This article first appeared on TCPAland and is republished here with permission.

As we reported here recently, the Federal Communications Commission (FCC) is seeking public comment on a number of key issues impacting the scope of the Telephone Consumer Protection Act (TCPA). One issue of profound significance to be addressed by the FCC, is how, exactly a party may revoke prior express consent to receive so-called robocalls after they had previously agreed to receive such calls.

Earlier this year in ACA Int’l, the D.C. Circuit Court of Appeals upheld the FCC’s earlier rulings that consumer consent to robocalls can be revoked, at least where their contract does not say otherwise. The Court also blessed the FCC’s determination that such revocation can take place via “any reasonable means.”

Not content with that victory, the FCC is now seeking comment on whether it should make revocation requests easier for consumers to make— and for businesses to process—by standardizing the manner by which those revocations can occur. Some possible examples floated by the FCC include: (1) pushing a standardized code on one’s phone (e.g., “*7”), (2) saying “stop calling” in response to a live caller, (3) offering opt-out through a website, or (4) texting back “stop” in response to unwanted texts.

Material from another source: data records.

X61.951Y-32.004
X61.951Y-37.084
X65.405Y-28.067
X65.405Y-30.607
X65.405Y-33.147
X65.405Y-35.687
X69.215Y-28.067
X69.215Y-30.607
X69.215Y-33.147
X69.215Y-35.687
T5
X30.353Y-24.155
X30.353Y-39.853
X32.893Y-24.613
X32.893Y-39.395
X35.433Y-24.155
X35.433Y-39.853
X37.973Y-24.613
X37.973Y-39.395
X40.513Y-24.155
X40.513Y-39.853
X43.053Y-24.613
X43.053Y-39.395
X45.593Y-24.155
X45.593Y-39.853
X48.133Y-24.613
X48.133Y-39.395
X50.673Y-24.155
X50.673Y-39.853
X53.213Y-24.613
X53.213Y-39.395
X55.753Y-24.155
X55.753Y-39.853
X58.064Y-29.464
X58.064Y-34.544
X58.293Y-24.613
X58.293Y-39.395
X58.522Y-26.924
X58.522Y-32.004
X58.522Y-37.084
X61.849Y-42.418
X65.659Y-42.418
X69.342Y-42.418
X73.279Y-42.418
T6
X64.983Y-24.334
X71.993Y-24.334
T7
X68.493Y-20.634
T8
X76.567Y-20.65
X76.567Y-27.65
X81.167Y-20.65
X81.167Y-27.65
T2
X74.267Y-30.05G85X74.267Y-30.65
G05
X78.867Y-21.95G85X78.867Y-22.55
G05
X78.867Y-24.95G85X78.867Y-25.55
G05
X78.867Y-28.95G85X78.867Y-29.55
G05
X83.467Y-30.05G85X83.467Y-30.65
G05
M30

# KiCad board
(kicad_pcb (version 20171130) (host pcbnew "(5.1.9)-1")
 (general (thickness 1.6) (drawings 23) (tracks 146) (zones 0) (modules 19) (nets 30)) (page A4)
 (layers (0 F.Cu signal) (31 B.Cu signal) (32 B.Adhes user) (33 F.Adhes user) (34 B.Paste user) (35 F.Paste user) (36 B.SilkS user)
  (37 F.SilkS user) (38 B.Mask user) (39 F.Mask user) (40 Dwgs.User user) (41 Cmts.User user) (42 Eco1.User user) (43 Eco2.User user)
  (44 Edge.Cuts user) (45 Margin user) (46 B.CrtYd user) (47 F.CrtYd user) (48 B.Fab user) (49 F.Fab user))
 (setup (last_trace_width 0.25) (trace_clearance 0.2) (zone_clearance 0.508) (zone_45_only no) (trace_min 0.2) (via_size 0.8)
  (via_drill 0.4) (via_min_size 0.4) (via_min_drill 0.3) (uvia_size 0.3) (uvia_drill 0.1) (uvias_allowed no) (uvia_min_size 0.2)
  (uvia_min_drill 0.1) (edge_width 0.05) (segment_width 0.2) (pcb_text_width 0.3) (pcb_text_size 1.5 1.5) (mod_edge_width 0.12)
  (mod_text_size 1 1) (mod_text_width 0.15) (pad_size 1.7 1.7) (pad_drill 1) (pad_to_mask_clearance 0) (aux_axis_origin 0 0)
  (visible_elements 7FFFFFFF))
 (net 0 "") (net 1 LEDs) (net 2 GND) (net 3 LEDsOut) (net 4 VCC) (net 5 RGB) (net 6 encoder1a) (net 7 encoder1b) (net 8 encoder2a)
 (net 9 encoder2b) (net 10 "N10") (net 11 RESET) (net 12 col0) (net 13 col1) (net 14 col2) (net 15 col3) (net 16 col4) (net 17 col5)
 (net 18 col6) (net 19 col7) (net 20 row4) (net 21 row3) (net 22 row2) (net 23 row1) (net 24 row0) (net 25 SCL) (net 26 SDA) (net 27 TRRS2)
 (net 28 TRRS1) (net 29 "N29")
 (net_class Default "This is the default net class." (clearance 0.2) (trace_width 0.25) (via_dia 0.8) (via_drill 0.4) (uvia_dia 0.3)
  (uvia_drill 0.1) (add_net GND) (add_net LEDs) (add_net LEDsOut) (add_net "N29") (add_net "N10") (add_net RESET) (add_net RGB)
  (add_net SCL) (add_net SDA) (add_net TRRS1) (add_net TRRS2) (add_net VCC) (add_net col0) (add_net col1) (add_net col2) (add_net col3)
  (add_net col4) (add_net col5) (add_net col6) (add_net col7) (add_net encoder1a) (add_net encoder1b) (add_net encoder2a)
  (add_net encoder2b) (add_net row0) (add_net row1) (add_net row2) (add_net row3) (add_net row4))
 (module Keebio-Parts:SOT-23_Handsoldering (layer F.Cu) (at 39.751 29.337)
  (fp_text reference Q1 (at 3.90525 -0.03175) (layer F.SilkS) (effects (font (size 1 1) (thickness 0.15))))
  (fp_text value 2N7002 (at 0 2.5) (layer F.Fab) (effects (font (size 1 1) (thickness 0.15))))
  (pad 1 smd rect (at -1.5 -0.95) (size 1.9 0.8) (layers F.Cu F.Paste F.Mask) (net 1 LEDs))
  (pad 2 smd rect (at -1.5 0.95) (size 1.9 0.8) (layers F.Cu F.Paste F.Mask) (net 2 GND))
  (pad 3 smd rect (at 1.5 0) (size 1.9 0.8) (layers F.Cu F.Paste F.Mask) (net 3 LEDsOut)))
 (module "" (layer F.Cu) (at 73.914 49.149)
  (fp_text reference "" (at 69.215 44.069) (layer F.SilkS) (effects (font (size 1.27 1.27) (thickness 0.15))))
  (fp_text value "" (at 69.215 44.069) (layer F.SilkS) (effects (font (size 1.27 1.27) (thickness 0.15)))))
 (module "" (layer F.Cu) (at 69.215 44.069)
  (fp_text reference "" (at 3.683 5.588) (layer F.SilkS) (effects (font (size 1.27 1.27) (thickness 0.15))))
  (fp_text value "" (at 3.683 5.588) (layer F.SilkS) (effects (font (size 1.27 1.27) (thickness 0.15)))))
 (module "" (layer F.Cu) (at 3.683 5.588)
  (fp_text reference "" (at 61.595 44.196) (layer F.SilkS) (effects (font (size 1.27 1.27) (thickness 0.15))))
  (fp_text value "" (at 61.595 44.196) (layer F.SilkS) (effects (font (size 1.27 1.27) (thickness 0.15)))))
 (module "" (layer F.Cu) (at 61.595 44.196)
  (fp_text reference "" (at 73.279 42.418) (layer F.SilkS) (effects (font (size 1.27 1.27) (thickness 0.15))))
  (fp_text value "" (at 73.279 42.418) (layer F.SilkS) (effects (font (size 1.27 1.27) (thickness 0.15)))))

While each of these options has superficial appeal in an era when robocalls are rampant, unintended consequences abound and the devil will be in the details. What works for one caller, industry or business may not work for others. Indeed, the Courts have already blessed the idea that contracting parties can dictate the terms of revocation between themselves, a rule makes good sense to avoid the pitfalls of one-size-fits all solutions.

Focusing on the novel *7 revocation paradigm, for instance, will a consumer pushing “*7” during a telemarketing call be denied important servicing information related to their accounts by that same entity who will no longer be allowed to call for all purposes? Will pushing *7 with respect to a student loan issue prevent a consumer from learning valuable information about their home mortgage? Will a co-borrower pushing *7 on an account result in a primary borrower no longer receiving calls on their cell phones about their own account?

Without clear standards surrounding the direct impact of a *7 keypunch command—i.e. who must stop calling, what phone number, for what purpose, and for how long—the FCC risks creating even more uncertainty in the name of standardization. And while that might seem deliciously ironic to some, we in TCPAland have long ago lost our taste for that delicacy. The FCC needs to provide a revocation paradigm that is actually workable and embarking on a quixotic keypunch revocation solution risks replacing a handful of old problems with a pile of new ones.

Reducing consumer revocation efforts to a *7 may mechanize consumer intent into a language easily understood by machines—a concept Cambridge Analytica would certainly appreciate—but it overlooks the human being behind the keypunch. The risk of an uneducated, or perhaps rash, individual depriving themselves of access to information needed in the future because a moment of frustration or confusion is simply too real to ignore. And the risk of an implementing Order that leaves too many questions with respect to how callers can actually make use of the *7 data hits too close to home for those who have suffered under the relentlessly vague “declaratory” TCPA rulings the FCC has handed down over the last decade.

Presumably industry participants will answer the FCC’s call for comment and address how a *7 revocation paradigm would impact their institution. Let’s hope so. If not, American businesses may be left trying to implement yet another in a long line of half-baked TCPA ideas.